With the line containing "X1040000Y12960000D02*" as the start and the line containing "X6000000Y48960000D01*" as the end, transcribe that span of the entries below exactly, including both.

_ _ _ _ _

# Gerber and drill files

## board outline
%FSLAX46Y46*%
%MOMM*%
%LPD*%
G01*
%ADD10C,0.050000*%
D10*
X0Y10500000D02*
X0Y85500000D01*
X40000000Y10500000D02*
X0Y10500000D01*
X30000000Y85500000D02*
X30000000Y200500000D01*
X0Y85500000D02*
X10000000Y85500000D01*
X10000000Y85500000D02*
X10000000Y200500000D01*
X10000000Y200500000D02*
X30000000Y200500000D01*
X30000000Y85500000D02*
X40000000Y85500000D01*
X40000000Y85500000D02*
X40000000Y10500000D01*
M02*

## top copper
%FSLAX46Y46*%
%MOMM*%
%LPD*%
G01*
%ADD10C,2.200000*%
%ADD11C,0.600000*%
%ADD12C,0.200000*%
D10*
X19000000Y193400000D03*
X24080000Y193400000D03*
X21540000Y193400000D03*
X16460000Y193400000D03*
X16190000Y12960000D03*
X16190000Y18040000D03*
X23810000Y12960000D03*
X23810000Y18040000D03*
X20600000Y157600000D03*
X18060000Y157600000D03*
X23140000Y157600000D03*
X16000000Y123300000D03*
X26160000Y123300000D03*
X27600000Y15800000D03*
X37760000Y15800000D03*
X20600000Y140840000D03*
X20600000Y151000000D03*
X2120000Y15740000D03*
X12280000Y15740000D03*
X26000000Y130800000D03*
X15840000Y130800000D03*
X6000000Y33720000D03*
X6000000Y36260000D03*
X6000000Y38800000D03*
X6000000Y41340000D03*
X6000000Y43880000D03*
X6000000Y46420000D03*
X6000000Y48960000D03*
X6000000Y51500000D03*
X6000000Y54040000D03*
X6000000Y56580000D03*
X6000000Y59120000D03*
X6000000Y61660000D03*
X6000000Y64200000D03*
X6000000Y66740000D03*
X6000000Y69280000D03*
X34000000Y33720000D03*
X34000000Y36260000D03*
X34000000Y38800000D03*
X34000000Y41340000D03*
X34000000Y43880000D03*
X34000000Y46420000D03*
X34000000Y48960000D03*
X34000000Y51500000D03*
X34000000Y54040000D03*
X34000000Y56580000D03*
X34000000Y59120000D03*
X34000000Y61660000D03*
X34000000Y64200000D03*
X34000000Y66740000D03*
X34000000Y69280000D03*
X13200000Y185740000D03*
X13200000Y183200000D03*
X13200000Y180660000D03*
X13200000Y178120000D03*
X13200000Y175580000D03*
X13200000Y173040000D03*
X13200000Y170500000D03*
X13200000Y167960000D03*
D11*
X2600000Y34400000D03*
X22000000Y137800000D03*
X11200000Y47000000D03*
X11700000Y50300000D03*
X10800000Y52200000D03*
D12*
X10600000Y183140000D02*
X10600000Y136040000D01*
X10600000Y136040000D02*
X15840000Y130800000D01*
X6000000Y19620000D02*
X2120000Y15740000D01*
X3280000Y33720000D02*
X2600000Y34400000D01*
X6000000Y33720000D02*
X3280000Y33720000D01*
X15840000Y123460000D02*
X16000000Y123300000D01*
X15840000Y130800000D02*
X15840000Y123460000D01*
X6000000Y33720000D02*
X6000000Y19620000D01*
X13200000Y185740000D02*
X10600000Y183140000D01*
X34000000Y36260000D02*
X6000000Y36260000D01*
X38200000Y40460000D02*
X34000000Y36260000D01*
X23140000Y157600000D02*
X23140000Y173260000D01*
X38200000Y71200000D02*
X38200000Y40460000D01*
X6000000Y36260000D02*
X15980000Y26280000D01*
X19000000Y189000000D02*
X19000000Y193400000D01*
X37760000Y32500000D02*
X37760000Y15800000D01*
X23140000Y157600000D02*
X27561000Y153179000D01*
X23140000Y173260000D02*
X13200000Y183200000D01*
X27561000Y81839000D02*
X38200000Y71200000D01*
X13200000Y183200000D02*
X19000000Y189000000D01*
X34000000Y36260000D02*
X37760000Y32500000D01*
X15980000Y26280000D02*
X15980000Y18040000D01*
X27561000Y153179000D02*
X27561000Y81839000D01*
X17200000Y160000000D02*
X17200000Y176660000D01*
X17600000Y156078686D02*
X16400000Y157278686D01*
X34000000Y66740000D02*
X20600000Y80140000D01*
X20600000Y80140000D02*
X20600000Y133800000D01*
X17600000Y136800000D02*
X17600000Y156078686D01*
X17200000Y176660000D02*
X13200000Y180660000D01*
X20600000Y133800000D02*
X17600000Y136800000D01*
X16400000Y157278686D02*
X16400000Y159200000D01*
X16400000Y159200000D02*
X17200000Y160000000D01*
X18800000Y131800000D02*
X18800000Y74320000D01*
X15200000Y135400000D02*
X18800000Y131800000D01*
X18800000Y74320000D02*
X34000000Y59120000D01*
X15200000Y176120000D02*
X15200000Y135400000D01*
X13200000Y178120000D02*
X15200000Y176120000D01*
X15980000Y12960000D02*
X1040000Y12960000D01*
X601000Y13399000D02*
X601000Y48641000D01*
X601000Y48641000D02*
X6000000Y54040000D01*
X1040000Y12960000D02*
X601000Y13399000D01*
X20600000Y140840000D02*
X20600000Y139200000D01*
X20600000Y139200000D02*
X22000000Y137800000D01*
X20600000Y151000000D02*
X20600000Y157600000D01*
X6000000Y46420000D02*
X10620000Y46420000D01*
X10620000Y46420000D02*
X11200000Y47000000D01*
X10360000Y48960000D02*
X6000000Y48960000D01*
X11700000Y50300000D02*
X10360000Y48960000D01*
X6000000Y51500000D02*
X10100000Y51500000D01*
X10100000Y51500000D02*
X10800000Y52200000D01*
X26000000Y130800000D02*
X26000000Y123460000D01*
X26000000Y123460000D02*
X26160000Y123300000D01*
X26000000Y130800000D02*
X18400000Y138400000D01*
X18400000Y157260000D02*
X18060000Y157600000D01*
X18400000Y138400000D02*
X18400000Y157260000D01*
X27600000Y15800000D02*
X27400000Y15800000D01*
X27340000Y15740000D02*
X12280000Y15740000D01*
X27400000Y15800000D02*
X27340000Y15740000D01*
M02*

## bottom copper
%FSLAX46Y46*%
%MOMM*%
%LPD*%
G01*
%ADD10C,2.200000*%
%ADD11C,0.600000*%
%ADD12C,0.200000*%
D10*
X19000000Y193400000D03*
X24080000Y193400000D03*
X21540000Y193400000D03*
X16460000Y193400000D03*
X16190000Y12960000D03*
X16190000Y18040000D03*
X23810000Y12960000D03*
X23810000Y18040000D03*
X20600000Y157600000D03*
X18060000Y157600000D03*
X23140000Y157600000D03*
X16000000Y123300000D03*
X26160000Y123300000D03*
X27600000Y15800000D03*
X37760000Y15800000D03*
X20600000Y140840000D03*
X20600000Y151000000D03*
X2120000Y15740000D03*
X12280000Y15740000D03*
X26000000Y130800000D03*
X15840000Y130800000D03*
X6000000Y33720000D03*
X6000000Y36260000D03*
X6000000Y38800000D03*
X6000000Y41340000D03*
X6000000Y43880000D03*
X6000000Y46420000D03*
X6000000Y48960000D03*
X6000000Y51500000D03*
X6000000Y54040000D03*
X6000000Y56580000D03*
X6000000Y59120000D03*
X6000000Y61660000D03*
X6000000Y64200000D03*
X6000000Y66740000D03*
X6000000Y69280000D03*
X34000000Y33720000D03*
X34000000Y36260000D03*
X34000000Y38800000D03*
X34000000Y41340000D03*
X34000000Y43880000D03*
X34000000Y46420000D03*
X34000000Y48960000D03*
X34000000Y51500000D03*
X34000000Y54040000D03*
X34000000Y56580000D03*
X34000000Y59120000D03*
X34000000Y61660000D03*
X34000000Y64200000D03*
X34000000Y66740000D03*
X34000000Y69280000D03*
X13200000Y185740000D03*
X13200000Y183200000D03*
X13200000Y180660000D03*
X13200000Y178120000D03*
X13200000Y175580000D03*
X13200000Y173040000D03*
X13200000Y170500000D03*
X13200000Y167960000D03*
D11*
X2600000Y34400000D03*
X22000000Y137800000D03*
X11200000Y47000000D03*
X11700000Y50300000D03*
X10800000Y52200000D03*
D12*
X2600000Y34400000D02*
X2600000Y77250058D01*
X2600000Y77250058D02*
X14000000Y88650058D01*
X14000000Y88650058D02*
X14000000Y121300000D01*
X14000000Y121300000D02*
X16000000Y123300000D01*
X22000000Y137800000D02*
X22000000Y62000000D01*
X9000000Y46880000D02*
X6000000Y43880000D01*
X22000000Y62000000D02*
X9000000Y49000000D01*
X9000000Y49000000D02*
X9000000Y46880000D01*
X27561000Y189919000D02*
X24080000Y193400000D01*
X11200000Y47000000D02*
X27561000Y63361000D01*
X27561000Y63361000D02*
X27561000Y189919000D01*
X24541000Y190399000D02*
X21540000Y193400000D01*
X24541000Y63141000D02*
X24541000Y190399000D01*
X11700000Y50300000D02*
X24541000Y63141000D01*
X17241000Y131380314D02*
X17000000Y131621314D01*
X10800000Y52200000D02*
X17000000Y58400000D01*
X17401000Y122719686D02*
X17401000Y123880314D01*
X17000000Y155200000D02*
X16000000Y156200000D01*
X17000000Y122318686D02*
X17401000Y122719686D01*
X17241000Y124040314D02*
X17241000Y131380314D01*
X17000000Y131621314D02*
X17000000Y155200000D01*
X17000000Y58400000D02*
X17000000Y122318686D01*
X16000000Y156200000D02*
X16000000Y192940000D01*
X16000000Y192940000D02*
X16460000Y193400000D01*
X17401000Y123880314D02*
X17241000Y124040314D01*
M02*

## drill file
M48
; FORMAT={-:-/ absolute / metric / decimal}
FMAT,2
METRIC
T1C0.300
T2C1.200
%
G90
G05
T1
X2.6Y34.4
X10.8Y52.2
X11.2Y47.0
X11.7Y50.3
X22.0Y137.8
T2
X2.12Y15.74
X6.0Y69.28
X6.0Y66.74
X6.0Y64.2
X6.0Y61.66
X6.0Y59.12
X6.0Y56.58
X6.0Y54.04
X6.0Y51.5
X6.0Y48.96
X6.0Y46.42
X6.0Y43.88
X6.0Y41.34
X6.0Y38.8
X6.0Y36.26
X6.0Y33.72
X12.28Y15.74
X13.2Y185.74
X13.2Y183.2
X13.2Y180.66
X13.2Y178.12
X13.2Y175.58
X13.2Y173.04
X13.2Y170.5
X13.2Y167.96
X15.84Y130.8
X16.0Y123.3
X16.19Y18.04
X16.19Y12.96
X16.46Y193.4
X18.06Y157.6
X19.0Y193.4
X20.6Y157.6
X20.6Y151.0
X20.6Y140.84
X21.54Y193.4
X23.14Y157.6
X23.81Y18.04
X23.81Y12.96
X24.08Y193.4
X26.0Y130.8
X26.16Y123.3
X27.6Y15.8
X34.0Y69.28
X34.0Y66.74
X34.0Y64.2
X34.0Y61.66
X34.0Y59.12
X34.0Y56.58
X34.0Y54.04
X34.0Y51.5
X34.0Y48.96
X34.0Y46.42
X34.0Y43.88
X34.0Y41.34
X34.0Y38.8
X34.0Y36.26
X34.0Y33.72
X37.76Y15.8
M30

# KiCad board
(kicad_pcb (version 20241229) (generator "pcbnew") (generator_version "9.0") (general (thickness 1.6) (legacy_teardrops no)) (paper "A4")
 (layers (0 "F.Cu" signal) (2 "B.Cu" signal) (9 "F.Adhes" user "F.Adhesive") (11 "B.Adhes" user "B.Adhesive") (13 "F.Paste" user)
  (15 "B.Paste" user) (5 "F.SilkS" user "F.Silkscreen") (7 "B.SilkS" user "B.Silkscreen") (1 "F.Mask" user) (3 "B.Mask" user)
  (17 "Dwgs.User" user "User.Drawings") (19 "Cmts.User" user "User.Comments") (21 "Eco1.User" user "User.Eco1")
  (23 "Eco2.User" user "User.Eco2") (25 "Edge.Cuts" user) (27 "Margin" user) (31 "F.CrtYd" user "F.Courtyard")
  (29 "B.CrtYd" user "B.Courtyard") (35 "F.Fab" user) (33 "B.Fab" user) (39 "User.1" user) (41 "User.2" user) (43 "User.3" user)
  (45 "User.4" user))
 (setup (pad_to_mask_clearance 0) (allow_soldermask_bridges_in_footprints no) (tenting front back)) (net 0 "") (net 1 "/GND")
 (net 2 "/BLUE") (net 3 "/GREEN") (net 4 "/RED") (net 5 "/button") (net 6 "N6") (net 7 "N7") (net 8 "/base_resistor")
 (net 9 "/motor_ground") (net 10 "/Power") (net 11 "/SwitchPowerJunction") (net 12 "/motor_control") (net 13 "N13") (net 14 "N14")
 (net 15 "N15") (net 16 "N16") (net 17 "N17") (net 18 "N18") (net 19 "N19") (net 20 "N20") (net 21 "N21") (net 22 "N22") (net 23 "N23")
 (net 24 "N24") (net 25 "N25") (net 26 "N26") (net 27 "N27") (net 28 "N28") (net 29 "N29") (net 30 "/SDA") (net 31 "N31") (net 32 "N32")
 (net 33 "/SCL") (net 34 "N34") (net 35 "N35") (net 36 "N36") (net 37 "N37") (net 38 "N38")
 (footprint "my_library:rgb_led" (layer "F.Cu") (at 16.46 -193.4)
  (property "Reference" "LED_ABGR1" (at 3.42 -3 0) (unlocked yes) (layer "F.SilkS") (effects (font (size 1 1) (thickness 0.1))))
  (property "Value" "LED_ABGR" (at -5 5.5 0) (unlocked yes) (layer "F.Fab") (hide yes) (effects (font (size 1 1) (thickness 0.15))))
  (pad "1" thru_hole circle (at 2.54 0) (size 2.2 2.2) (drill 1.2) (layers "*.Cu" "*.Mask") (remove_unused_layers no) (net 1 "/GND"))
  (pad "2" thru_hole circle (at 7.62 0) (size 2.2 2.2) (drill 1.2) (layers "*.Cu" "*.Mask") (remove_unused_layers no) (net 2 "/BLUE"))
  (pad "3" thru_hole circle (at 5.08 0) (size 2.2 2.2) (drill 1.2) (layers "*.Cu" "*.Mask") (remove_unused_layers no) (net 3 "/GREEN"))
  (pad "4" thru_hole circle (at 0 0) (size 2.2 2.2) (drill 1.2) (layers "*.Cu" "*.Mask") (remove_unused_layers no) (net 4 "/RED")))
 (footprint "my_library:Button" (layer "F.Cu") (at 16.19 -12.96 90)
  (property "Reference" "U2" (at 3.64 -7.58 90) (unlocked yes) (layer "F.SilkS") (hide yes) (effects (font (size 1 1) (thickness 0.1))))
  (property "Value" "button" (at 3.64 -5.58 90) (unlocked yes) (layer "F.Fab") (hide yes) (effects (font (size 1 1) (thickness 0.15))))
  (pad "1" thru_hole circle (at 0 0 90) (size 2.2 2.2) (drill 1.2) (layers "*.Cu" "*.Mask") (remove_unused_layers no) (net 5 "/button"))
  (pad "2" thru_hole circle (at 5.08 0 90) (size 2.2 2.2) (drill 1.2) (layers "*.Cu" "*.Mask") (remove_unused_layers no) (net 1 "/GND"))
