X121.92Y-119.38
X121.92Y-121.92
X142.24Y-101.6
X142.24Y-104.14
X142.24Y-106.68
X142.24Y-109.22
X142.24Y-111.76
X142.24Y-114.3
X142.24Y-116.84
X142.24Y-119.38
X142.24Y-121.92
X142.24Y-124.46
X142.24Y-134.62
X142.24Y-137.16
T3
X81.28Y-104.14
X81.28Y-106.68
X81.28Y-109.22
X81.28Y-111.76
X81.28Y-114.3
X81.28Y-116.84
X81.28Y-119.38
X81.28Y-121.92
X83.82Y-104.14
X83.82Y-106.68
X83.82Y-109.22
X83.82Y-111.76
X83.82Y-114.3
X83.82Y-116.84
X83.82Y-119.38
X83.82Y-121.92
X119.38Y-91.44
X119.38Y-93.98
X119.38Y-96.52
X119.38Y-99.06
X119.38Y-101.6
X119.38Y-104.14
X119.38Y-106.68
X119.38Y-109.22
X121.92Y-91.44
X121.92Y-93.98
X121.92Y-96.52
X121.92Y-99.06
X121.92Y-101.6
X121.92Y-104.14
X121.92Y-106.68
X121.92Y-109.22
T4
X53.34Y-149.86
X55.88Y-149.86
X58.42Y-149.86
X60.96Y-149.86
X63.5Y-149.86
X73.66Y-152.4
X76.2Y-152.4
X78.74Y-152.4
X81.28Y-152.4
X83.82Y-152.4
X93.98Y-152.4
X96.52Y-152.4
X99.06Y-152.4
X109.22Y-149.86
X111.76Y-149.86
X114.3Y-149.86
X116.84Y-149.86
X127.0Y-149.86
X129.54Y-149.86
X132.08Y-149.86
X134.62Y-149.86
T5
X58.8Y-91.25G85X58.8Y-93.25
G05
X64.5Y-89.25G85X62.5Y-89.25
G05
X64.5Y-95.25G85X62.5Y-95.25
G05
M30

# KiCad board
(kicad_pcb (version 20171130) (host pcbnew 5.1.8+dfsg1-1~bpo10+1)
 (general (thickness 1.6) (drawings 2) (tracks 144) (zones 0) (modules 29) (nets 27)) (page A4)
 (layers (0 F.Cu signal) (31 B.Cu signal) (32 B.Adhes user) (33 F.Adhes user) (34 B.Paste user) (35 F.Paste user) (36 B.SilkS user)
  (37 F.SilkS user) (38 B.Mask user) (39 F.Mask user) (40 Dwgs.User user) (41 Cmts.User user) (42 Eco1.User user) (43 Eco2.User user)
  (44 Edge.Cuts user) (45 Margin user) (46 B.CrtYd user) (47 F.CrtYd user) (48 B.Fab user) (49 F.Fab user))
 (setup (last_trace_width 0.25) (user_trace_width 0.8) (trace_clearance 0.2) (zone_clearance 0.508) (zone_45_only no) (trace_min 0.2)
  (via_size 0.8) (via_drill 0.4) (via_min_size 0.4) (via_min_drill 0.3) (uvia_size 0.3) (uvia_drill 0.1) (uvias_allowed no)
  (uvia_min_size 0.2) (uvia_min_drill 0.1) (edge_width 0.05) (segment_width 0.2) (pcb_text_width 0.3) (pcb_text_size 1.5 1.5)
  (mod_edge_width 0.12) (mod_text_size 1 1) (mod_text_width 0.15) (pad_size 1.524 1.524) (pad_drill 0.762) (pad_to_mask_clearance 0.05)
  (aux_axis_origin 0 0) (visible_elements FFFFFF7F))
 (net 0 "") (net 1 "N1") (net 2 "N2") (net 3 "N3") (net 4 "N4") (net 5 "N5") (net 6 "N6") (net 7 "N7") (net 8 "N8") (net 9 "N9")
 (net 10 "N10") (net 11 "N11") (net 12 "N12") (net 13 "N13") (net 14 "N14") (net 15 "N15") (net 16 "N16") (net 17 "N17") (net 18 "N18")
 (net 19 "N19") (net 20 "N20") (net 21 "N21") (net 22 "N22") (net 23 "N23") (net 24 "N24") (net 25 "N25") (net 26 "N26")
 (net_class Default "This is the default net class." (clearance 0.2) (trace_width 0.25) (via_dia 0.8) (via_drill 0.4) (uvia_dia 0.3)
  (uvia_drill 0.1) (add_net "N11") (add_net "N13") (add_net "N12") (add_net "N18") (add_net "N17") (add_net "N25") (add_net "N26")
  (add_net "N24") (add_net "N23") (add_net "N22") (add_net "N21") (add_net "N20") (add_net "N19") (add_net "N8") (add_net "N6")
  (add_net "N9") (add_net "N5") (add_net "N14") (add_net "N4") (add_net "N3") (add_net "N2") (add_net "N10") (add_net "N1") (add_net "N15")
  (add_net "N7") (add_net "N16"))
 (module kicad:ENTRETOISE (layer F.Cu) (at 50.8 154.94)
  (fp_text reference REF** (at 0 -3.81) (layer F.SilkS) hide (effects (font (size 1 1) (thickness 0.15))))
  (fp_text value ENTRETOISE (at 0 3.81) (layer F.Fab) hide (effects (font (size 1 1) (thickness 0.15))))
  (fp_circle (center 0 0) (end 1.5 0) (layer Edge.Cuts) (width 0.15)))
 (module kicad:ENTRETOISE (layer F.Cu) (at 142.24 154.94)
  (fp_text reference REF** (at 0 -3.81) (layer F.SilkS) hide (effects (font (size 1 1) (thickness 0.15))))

_ _ _ _ _

EXPECTED OUTPUT:
X1040000Y12960000D02*
X601000Y13399000D01*
X20600000Y140840000D02*
X20600000Y139200000D01*
X20600000Y139200000D02*
X22000000Y137800000D01*
X20600000Y151000000D02*
X20600000Y157600000D01*
X6000000Y46420000D02*
X10620000Y46420000D01*
X10620000Y46420000D02*
X11200000Y47000000D01*
X10360000Y48960000D02*
X6000000Y48960000D01*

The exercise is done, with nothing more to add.